**About this task**
From the line containing "-2.0 0) (layer" down to the line containing "0.8) (thickness 0.15))))" in the records below, reproduce every line exactly, ends included, and omit all others.

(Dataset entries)
>>>
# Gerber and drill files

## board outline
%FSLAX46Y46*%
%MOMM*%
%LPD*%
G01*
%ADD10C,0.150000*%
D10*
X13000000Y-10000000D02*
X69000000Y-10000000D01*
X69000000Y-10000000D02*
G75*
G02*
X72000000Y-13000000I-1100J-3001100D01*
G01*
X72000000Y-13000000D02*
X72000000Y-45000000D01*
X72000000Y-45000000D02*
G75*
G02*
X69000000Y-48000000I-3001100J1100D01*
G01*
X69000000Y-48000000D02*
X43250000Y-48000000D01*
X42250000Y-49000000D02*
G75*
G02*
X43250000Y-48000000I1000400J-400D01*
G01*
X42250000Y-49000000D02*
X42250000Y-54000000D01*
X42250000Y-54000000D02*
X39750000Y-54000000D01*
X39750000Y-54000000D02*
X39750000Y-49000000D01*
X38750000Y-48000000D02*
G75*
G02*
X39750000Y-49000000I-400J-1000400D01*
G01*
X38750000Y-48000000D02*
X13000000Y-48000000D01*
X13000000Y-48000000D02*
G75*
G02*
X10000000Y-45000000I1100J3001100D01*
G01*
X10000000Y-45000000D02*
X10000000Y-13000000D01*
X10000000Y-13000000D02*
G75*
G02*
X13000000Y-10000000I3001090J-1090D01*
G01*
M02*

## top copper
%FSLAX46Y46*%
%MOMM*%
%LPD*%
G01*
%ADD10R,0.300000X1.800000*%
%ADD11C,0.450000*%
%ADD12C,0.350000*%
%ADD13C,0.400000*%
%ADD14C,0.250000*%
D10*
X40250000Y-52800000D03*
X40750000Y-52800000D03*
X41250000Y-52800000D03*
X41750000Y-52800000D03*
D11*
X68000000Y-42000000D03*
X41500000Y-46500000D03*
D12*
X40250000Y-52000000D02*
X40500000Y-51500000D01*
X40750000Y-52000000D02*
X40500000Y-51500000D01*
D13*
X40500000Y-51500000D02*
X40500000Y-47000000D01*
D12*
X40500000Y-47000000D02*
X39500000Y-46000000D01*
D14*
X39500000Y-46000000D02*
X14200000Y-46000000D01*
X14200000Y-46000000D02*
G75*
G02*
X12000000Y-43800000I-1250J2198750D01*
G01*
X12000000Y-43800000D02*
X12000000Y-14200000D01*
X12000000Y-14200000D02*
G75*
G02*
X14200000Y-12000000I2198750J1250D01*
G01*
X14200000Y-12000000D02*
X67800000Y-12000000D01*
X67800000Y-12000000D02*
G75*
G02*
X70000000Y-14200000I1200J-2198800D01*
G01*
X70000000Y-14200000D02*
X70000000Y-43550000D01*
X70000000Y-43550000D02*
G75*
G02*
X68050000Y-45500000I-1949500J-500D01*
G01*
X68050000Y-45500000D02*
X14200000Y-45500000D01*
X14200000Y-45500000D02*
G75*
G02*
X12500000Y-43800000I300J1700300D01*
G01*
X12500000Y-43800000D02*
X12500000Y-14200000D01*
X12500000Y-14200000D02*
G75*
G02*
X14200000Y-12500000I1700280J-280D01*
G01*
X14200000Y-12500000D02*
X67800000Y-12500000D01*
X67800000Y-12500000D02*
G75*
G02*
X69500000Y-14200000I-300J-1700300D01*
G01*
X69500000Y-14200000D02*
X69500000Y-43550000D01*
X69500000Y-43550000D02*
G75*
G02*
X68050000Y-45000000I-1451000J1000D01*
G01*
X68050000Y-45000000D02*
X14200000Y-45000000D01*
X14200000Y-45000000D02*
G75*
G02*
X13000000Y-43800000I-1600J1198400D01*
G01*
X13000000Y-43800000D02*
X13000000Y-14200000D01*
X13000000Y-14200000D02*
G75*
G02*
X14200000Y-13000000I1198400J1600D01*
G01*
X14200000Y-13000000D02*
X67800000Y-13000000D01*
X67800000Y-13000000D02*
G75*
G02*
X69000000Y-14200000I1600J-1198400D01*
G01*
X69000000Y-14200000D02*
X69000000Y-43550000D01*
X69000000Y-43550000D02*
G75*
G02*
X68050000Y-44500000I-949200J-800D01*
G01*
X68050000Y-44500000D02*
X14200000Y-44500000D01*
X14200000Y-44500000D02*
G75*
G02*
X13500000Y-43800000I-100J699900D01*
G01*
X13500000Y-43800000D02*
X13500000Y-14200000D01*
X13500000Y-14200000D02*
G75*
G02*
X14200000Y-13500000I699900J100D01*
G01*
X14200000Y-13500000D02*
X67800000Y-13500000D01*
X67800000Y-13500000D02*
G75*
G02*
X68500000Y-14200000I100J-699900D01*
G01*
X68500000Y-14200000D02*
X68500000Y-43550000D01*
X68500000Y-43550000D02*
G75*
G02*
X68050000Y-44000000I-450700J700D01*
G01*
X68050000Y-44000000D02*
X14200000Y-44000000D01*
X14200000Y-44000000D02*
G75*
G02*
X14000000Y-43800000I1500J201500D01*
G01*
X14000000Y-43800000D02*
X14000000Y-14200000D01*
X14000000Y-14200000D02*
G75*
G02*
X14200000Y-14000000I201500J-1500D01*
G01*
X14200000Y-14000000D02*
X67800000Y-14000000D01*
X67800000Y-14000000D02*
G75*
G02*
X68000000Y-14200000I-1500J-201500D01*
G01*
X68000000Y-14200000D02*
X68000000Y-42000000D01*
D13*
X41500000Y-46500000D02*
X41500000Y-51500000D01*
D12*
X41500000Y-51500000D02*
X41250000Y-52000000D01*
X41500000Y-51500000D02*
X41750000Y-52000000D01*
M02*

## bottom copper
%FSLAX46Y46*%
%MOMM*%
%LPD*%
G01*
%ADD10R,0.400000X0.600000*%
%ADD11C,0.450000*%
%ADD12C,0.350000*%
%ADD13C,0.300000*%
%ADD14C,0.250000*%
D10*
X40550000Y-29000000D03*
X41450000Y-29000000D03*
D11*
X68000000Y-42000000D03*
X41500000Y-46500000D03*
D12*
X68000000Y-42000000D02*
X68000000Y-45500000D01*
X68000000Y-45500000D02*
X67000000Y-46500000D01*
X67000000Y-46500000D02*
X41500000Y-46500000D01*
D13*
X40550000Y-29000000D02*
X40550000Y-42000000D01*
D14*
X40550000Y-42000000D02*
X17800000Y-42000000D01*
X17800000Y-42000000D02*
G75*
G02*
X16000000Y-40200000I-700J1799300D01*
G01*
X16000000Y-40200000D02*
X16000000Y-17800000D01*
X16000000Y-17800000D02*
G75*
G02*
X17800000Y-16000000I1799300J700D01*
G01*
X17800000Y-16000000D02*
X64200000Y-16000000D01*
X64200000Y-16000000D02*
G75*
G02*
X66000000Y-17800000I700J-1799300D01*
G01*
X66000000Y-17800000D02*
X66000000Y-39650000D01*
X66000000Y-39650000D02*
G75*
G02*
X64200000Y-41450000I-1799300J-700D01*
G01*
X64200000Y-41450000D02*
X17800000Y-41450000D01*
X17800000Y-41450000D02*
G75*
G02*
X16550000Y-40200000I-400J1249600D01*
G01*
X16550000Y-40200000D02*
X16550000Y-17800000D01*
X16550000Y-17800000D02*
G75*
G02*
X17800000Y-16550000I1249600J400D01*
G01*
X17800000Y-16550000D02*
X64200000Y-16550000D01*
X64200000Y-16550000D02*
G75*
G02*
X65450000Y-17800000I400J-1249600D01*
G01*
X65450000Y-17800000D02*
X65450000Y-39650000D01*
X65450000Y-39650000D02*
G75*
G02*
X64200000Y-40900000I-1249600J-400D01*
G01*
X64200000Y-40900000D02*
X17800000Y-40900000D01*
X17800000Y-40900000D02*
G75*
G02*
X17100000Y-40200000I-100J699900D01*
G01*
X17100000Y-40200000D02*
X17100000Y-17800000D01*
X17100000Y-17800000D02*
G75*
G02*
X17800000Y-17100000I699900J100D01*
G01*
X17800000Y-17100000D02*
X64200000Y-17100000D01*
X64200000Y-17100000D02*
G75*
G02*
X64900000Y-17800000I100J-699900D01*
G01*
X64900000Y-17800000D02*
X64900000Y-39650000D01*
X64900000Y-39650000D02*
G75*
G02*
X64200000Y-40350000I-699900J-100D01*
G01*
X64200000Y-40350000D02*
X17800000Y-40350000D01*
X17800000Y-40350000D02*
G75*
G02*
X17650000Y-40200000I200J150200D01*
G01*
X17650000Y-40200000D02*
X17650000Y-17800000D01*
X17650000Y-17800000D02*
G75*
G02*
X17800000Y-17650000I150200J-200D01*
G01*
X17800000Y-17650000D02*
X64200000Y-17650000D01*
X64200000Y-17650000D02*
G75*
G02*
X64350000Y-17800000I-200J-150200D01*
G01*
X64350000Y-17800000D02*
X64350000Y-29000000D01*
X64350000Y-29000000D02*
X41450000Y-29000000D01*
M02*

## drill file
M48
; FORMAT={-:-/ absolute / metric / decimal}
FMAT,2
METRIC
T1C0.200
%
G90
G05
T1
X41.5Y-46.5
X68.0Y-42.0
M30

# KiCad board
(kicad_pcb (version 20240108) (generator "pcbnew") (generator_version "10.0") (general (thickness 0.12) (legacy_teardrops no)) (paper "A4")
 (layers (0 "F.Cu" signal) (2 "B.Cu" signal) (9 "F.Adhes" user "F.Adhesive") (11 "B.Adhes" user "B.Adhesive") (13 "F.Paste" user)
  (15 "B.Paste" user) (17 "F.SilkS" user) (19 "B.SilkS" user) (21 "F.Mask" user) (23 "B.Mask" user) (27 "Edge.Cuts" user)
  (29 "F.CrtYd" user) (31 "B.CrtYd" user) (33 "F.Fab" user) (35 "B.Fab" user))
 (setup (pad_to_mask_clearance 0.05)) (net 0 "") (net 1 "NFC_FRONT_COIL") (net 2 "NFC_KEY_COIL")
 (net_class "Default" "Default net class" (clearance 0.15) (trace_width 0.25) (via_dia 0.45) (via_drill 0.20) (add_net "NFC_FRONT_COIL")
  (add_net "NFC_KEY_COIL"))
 (gr_line (start 13.000 10.000) (end 69.000 10.000) (stroke (width 0.15) (type solid)) (layer "Edge.Cuts"))
 (gr_arc (start 69.000 10.000) (mid 71.121 10.879) (end 72.000 13.000) (stroke (width 0.15) (type solid)) (layer "Edge.Cuts"))
 (gr_line (start 72.000 13.000) (end 72.000 45.000) (stroke (width 0.15) (type solid)) (layer "Edge.Cuts"))
 (gr_arc (start 72.000 45.000) (mid 71.121 47.121) (end 69.000 48.000) (stroke (width 0.15) (type solid)) (layer "Edge.Cuts"))
 (gr_line (start 69.000 48.000) (end 43.250 48.000) (stroke (width 0.15) (type solid)) (layer "Edge.Cuts"))
 (gr_arc (start 43.250 48.000) (mid 42.543 48.293) (end 42.250 49.000) (stroke (width 0.15) (type solid)) (layer "Edge.Cuts"))
 (gr_line (start 42.250 49.000) (end 42.250 54.000) (stroke (width 0.15) (type solid)) (layer "Edge.Cuts"))
 (gr_line (start 42.250 54.000) (end 39.750 54.000) (stroke (width 0.15) (type solid)) (layer "Edge.Cuts"))
 (gr_line (start 39.750 54.000) (end 39.750 49.000) (stroke (width 0.15) (type solid)) (layer "Edge.Cuts"))
 (gr_arc (start 39.750 49.000) (mid 39.457 48.293) (end 38.750 48.000) (stroke (width 0.15) (type solid)) (layer "Edge.Cuts"))
 (gr_line (start 38.750 48.000) (end 13.000 48.000) (stroke (width 0.15) (type solid)) (layer "Edge.Cuts"))
 (gr_arc (start 13.000 48.000) (mid 10.879 47.121) (end 10.000 45.000) (stroke (width 0.15) (type solid)) (layer "Edge.Cuts"))
 (gr_line (start 10.000 45.000) (end 10.000 13.000) (stroke (width 0.15) (type solid)) (layer "Edge.Cuts"))
 (gr_arc (start 10.000 13.000) (mid 10.879 10.879) (end 13.000 10.000) (stroke (width 0.15) (type solid)) (layer "Edge.Cuts"))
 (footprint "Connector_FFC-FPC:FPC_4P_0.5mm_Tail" (layer "F.Cu") (at 41.0 52.8 0)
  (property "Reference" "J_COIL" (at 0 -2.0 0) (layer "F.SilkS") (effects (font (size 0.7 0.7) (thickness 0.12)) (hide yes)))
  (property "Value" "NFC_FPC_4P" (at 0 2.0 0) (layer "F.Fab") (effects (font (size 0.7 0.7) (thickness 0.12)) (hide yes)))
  (pad "1" smd rect (at -0.750 0.000) (size 0.300 1.800) (layers "F.Cu" "F.Mask") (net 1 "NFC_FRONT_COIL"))
  (pad "2" smd rect (at -0.250 0.000) (size 0.300 1.800) (layers "F.Cu" "F.Mask") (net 1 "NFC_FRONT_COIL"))
  (pad "3" smd rect (at 0.250 0.000) (size 0.300 1.800) (layers "F.Cu" "F.Mask") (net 1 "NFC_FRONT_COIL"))
  (pad "4" smd rect (at 0.750 0.000) (size 0.300 1.800) (layers "F.Cu" "F.Mask") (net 1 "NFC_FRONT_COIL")))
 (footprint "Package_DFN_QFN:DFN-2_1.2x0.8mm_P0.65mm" (layer "B.Cu") (at 41.0 29.0 0)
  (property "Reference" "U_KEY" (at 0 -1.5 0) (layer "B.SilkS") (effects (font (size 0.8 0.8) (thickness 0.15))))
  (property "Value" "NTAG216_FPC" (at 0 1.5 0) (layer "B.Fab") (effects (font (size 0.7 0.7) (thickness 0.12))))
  (pad "1" smd rect (at -0.45 0.0) (size 0.40 0.60) (layers "B.Cu" "B.Mask" "B.Paste") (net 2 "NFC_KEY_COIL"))
  (pad "2" smd rect (at 0.45 0.0) (size 0.40 0.60) (layers "B.Cu" "B.Mask" "B.Paste") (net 2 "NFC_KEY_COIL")))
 (segment (start 40.250 52.000) (end 40.500 51.500) (width 0.350) (layer "F.Cu") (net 1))
 (segment (start 40.750 52.000) (end 40.500 51.500) (width 0.350) (layer "F.Cu") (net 1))
 (segment (start 40.500 51.500) (end 40.500 47.000) (width 0.400) (layer "F.Cu") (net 1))
 (arc (start 40.500 47.000) (mid 40.207 46.707) (end 39.500 46.000) (width 0.350) (layer "F.Cu") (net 1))
 (segment (start 39.500 46.000) (end 14.200 46.000) (width 0.250) (layer "F.Cu") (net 1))
 (arc (start 14.200 46.000) (mid 12.644 45.356) (end 12.000 43.800) (width 0.250) (layer "F.Cu") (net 1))
 (segment (start 12.000 43.800) (end 12.000 14.200) (width 0.250) (layer "F.Cu") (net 1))
 (arc (start 12.000 14.200) (mid 12.644 12.644) (end 14.200 12.000) (width 0.250) (layer "F.Cu") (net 1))
 (segment (start 14.200 12.000) (end 67.800 12.000) (width 0.250) (layer "F.Cu") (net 1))
 (arc (start 67.800 12.000) (mid 69.356 12.644) (end 70.000 14.200) (width 0.250) (layer "F.Cu") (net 1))
 (segment (start 70.000 14.200) (end 70.000 43.550) (width 0.250) (layer "F.Cu") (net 1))
 (arc (start 70.000 43.550) (mid 69.429 44.929) (end 68.050 45.500) (width 0.250) (layer "F.Cu") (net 1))
 (segment (start 68.050 45.500) (end 14.200 45.500) (width 0.250) (layer "F.Cu") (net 1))
 (arc (start 14.200 45.500) (mid 12.998 45.002) (end 12.500 43.800) (width 0.250) (layer "F.Cu") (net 1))
 (segment (start 12.500 43.800) (end 12.500 14.200) (width 0.250) (layer "F.Cu") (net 1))
 (arc (start 12.500 14.200) (mid 12.998 12.998) (end 14.200 12.500) (width 0.250) (layer "F.Cu") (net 1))
 (segment (start 14.200 12.500) (end 67.800 12.500) (width 0.250) (layer "F.Cu") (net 1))
 (arc (start 67.800 12.500) (mid 69.002 12.998) (end 69.500 14.200) (width 0.250) (layer "F.Cu") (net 1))
 (segment (start 69.500 14.200) (end 69.500 43.550) (width 0.250) (layer "F.Cu") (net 1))
 (arc (start 69.500 43.550) (mid 69.075 44.575) (end 68.050 45.000) (width 0.250) (layer "F.Cu") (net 1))
 (segment (start 68.050 45.000) (end 14.200 45.000) (width 0.250) (layer "F.Cu") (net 1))
 (arc (start 14.200 45.000) (mid 13.351 44.649) (end 13.000 43.800) (width 0.250) (layer "F.Cu") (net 1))
 (segment (start 13.000 43.800) (end 13.000 14.200) (width 0.250) (layer "F.Cu") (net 1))
 (arc (start 13.000 14.200) (mid 13.351 13.351) (end 14.200 13.000) (width 0.250) (layer "F.Cu") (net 1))
 (segment (start 14.200 13.000) (end 67.800 13.000) (width 0.250) (layer "F.Cu") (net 1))
 (arc (start 67.800 13.000) (mid 68.649 13.351) (end 69.000 14.200) (width 0.250) (layer "F.Cu") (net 1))
 (segment (start 69.000 14.200) (end 69.000 43.550) (width 0.250) (layer "F.Cu") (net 1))
 (arc (start 69.000 43.550) (mid 68.722 44.222) (end 68.050 44.500) (width 0.250) (layer "F.Cu") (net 1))
 (segment (start 68.050 44.500) (end 14.200 44.500) (width 0.250) (layer "F.Cu") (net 1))
 (arc (start 14.200 44.500) (mid 13.705 44.295) (end 13.500 43.800) (width 0.250) (layer "F.Cu") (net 1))
 (segment (start 13.500 43.800) (end 13.500 14.200) (width 0.250) (layer "F.Cu") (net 1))
 (arc (start 13.500 14.200) (mid 13.705 13.705) (end 14.200 13.500) (width 0.250) (layer "F.Cu") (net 1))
<<<
**Task answer**
  (property "Reference" "J_COIL" (at 0 -2.0 0) (layer "F.SilkS") (effects (font (size 0.7 0.7) (thickness 0.12)) (hide yes)))
  (property "Value" "NFC_FPC_4P" (at 0 2.0 0) (layer "F.Fab") (effects (font (size 0.7 0.7) (thickness 0.12)) (hide yes)))
  (pad "1" smd rect (at -0.750 0.000) (size 0.300 1.800) (layers "F.Cu" "F.Mask") (net 1 "NFC_FRONT_COIL"))
  (pad "2" smd rect (at -0.250 0.000) (size 0.300 1.800) (layers "F.Cu" "F.Mask") (net 1 "NFC_FRONT_COIL"))
  (pad "3" smd rect (at 0.250 0.000) (size 0.300 1.800) (layers "F.Cu" "F.Mask") (net 1 "NFC_FRONT_COIL"))
  (pad "4" smd rect (at 0.750 0.000) (size 0.300 1.800) (layers "F.Cu" "F.Mask") (net 1 "NFC_FRONT_COIL")))
 (footprint "Package_DFN_QFN:DFN-2_1.2x0.8mm_P0.65mm" (layer "B.Cu") (at 41.0 29.0 0)
  (property "Reference" "U_KEY" (at 0 -1.5 0) (layer "B.SilkS") (effects (font (size 0.8 0.8) (thickness 0.15))))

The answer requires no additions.